Moderated by Stacey Victor, this webinar brings together experts Dr. Heather Byer, Dr. Laura Strittmatter, and Noah Horn to discuss key aspects of viral safety testing in biologics. The session centers on unprocessed bulk testing, regulatory updates, and best practices to ensure product safety.

Viral safety relies on three pillars: prevention, detection, and removal. Prevention involves testing raw materials and cell lines to avoid contamination. Detection uses orthogonal methods—such as in vitro and in vivo assays, PCR panels, and electron microscopy—to identify adventitious agents including viruses, bacteria, fungi, and mycoplasma. Removal is addressed through viral clearance studies during downstream processing.

A major focus is unprocessed bulk testing, which targets material directly from the bioreactor before purification. Regulatory guidelines, including updated ICH Q5A, support minimal sample processing to enhance detection sensitivity. Early detection at this stage is crucial to prevent cross-contamination of downstream systems.

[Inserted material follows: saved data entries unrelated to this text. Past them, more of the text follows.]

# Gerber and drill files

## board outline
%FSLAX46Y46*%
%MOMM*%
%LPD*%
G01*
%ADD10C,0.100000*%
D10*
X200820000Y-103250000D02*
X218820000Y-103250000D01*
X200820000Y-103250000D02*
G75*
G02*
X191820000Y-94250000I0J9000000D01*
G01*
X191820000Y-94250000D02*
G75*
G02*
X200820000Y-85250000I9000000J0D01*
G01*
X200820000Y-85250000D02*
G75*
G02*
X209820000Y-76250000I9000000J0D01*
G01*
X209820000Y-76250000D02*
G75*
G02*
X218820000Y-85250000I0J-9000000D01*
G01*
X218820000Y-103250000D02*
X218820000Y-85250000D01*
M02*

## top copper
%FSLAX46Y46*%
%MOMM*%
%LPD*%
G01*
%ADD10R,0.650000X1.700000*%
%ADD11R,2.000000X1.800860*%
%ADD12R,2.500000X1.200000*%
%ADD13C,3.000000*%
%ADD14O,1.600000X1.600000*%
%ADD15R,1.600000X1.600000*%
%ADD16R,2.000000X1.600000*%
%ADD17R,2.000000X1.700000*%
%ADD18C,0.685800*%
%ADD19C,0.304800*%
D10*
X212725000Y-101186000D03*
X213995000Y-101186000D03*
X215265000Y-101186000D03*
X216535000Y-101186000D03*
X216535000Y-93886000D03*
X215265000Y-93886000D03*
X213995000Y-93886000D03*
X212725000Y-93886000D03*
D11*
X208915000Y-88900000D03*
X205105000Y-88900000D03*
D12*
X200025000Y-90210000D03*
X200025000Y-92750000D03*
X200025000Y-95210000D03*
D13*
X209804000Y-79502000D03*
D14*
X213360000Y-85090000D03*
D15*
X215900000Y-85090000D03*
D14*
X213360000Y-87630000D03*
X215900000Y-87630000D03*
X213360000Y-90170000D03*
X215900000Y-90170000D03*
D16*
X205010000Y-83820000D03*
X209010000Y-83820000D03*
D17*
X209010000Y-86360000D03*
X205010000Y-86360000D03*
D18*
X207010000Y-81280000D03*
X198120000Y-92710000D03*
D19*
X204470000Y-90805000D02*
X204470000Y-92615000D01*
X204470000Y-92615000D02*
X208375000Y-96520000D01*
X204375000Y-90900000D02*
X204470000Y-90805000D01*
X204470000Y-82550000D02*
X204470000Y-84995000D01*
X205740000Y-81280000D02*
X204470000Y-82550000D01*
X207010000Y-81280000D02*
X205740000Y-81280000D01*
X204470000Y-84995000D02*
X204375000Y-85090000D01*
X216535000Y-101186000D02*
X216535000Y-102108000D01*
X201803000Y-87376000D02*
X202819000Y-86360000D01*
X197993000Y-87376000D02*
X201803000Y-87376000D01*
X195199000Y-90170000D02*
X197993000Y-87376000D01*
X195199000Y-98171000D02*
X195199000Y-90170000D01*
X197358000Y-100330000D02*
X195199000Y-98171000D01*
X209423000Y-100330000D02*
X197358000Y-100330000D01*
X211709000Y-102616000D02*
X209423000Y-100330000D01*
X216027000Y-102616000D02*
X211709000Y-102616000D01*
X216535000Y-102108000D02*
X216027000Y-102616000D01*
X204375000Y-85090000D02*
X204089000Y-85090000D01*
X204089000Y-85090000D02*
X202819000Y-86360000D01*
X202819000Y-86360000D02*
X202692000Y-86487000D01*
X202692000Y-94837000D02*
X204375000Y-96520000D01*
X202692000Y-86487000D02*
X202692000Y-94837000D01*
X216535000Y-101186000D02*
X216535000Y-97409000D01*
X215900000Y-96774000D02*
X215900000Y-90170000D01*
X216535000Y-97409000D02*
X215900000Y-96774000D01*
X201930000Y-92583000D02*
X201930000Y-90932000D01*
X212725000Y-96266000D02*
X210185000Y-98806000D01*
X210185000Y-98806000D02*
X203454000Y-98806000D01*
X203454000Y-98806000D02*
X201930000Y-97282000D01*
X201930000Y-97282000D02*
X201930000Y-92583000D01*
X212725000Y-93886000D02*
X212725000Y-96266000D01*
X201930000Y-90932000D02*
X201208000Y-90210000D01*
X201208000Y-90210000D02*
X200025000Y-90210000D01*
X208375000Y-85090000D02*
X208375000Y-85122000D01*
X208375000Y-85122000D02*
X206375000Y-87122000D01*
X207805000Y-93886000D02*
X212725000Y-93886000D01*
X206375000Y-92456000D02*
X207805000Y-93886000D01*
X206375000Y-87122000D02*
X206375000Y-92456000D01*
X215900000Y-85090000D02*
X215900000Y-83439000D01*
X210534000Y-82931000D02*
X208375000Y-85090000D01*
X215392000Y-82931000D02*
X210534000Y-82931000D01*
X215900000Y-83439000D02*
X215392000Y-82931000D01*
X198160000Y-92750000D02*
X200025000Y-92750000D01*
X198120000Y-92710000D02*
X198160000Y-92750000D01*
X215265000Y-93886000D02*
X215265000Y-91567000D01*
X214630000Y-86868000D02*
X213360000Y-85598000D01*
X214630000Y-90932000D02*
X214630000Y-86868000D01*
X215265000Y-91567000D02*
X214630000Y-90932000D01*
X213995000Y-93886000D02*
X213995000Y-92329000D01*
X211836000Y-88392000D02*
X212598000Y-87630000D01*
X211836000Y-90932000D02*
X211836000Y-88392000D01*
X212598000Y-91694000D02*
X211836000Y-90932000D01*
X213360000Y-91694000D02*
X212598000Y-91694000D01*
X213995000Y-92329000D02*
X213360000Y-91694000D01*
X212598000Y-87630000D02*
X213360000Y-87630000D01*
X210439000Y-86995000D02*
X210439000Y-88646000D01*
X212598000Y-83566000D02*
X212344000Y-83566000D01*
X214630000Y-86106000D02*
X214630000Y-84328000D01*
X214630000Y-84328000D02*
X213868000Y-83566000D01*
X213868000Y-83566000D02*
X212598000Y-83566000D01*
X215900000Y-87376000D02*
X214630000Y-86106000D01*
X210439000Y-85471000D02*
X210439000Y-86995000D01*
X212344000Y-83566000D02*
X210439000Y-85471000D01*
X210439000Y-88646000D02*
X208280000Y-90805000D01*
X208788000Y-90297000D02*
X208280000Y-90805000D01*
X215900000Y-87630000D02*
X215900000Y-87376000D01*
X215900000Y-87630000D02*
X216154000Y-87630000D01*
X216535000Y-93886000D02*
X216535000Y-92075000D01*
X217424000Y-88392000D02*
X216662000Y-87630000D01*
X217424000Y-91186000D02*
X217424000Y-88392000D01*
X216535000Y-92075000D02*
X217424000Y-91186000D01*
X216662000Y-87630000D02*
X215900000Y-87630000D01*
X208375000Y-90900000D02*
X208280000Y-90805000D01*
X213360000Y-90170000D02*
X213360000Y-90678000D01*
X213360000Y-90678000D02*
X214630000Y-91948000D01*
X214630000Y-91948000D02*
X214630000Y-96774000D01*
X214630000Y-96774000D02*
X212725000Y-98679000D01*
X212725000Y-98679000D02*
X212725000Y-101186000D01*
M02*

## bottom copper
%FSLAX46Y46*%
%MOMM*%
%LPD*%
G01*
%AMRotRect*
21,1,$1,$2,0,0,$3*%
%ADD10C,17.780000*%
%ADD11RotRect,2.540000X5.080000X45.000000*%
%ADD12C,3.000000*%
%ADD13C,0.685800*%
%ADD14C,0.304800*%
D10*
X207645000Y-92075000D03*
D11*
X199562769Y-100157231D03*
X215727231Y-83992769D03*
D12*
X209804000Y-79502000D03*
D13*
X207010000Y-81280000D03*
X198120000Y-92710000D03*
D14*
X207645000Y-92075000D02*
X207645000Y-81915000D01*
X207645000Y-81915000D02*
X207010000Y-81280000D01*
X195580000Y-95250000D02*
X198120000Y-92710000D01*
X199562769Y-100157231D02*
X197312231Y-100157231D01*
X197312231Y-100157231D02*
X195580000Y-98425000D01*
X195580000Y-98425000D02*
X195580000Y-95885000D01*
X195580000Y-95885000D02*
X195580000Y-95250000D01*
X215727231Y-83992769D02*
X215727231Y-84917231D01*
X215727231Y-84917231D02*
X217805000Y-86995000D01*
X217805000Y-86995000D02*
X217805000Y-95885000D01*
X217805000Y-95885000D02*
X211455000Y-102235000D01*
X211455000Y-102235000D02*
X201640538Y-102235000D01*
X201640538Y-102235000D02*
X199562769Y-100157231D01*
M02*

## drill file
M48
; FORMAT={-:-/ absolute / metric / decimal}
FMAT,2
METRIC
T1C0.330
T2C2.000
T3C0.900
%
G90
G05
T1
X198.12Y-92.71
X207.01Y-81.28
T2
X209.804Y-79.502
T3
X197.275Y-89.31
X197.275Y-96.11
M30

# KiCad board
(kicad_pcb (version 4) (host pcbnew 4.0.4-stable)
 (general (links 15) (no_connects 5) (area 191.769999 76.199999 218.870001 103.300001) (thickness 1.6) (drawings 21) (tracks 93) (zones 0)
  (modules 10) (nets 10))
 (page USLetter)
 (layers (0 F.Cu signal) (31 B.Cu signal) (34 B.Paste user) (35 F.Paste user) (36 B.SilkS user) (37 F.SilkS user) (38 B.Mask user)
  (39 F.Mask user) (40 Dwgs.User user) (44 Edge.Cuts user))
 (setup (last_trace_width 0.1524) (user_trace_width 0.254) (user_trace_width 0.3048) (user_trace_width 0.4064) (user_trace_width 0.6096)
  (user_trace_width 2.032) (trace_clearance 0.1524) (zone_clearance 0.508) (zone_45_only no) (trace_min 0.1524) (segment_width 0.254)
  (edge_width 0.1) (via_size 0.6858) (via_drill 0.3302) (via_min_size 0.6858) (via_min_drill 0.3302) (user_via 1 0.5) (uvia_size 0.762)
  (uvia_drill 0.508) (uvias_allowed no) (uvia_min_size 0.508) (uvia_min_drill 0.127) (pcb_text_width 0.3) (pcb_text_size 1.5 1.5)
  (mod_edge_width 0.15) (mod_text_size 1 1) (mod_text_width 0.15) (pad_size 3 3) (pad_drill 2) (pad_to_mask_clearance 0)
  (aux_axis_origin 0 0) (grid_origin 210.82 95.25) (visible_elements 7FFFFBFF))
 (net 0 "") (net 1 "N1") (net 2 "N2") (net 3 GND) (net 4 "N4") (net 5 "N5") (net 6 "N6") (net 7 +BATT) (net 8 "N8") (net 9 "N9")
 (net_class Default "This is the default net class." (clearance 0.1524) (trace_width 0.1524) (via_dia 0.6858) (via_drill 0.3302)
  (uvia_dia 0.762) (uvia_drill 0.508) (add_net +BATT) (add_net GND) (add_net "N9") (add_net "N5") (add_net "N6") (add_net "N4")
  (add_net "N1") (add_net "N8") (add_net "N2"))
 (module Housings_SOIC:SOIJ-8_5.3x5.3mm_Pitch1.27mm (layer F.Cu) (at 214.63 97.536 90)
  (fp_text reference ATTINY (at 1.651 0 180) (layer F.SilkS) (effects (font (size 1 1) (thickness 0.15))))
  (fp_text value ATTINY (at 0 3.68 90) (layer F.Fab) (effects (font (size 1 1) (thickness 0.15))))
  (pad 1 smd rect (at -3.65 -1.905 90) (size 1.7 0.65) (layers F.Cu F.Paste F.Mask) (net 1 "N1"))
  (pad 2 smd rect (at -3.65 -0.635 90) (size 1.7 0.65) (layers F.Cu F.Paste F.Mask) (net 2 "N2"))
  (pad 3 smd rect (at -3.65 0.635 90) (size 1.7 0.65) (layers F.Cu F.Paste F.Mask))
  (pad 4 smd rect (at -3.65 1.905 90) (size 1.7 0.65) (layers F.Cu F.Paste F.Mask) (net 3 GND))
  (pad 5 smd rect (at 3.65 1.905 90) (size 1.7 0.65) (layers F.Cu F.Paste F.Mask) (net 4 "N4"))
  (pad 6 smd rect (at 3.65 0.635 90) (size 1.7 0.65) (layers F.Cu F.Paste F.Mask) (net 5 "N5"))
  (pad 7 smd rect (at 3.65 -0.635 90) (size 1.7 0.65) (layers F.Cu F.Paste F.Mask) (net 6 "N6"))
  (pad 8 smd rect (at 3.65 -1.905 90) (size 1.7 0.65) (layers F.Cu F.Paste F.Mask) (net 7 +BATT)))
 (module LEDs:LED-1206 (layer F.Cu) (at 207.01 88.9)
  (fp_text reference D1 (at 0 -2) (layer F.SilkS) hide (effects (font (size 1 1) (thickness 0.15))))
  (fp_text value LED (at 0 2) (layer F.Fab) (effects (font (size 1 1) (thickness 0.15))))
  (pad 2 smd rect (at 1.905 0 180) (size 2 1.80086) (layers F.Cu F.Paste F.Mask) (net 4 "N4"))
  (pad 1 smd rect (at -1.905 0 180) (size 2 1.80086) (layers F.Cu F.Paste F.Mask) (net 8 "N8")))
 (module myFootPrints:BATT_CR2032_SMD (layer B.Cu) (at 207.645 92.075 45)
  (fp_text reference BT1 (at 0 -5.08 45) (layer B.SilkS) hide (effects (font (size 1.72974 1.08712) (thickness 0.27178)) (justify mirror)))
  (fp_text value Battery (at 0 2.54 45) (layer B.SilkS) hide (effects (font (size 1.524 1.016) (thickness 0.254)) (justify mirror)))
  (pad 2 smd circle (at 0 0 45) (size 17.78 17.78) (layers B.Cu B.Paste B.Mask) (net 3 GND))
  (pad 1 smd rect (at -11.43 0 45) (size 2.54 5.08) (layers B.Cu B.Paste B.Mask) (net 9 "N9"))
  (pad 1 smd rect (at 11.43 0 45) (size 2.54 5.08) (layers B.Cu B.Paste B.Mask) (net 9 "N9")))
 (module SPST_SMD (layer F.Cu) (at 200.025 92.71 270)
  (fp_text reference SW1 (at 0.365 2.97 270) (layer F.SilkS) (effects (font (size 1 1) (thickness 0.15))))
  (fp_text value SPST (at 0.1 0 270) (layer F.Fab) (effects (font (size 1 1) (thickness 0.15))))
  (pad "" np_thru_hole circle (at 3.4 2.75 270) (size 0.9 0.9) (drill 0.9) (layers *.Cu *.Mask))
  (pad 1 smd rect (at -2.5 0 270) (size 1.2 2.5) (layers F.Cu F.Paste F.Mask) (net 7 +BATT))
  (pad 2 smd rect (at 0.04 0 270) (size 1.2 2.5) (layers F.Cu F.Paste F.Mask) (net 9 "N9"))
  (pad 3 smd rect (at 2.5 0 270) (size 1.2 2.5) (layers F.Cu F.Paste F.Mask))
  (pad "" np_thru_hole circle (at -3.4 2.75 270) (size 0.9 0.9) (drill 0.9) (layers *.Cu *.Mask)))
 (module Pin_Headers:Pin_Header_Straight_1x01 (layer F.Cu) (at 209.804 79.502)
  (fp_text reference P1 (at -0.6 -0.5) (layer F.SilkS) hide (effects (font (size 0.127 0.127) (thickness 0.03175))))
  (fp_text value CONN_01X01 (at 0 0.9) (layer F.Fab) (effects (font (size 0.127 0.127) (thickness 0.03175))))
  (pad "" thru_hole circle (at 0 0) (size 3 3) (drill 2) (layers *.Cu *.Mask)))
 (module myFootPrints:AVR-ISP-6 (layer F.Cu) (at 213.36 85.09)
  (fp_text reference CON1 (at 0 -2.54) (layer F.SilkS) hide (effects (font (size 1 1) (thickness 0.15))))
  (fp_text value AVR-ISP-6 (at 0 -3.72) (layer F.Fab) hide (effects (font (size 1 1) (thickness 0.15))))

Audience polling highlighted common challenges: long turnaround times, product-specific assay interference, and high costs. Despite these, certain tests remain mandatory. Microbial testing (e.g., bioburden, sterility, and mycoplasma) is conducted on every lot, alongside adventitious agent testing. Additional assessments—like retrovirus testing, PCR for known agents, and electron microscopy for quantification—are performed based on risk.

In vitro viral screening assays use indicator cell lines selected for susceptibility to relevant viruses. These assays detect cytopathic effects and employ hemadsorption or hemagglutination tests, with large-volume formats and sample-specific interference testing recommended.

Overall, the webinar emphasizes a risk-based, layered approach to viral safety in biologic manufacturing.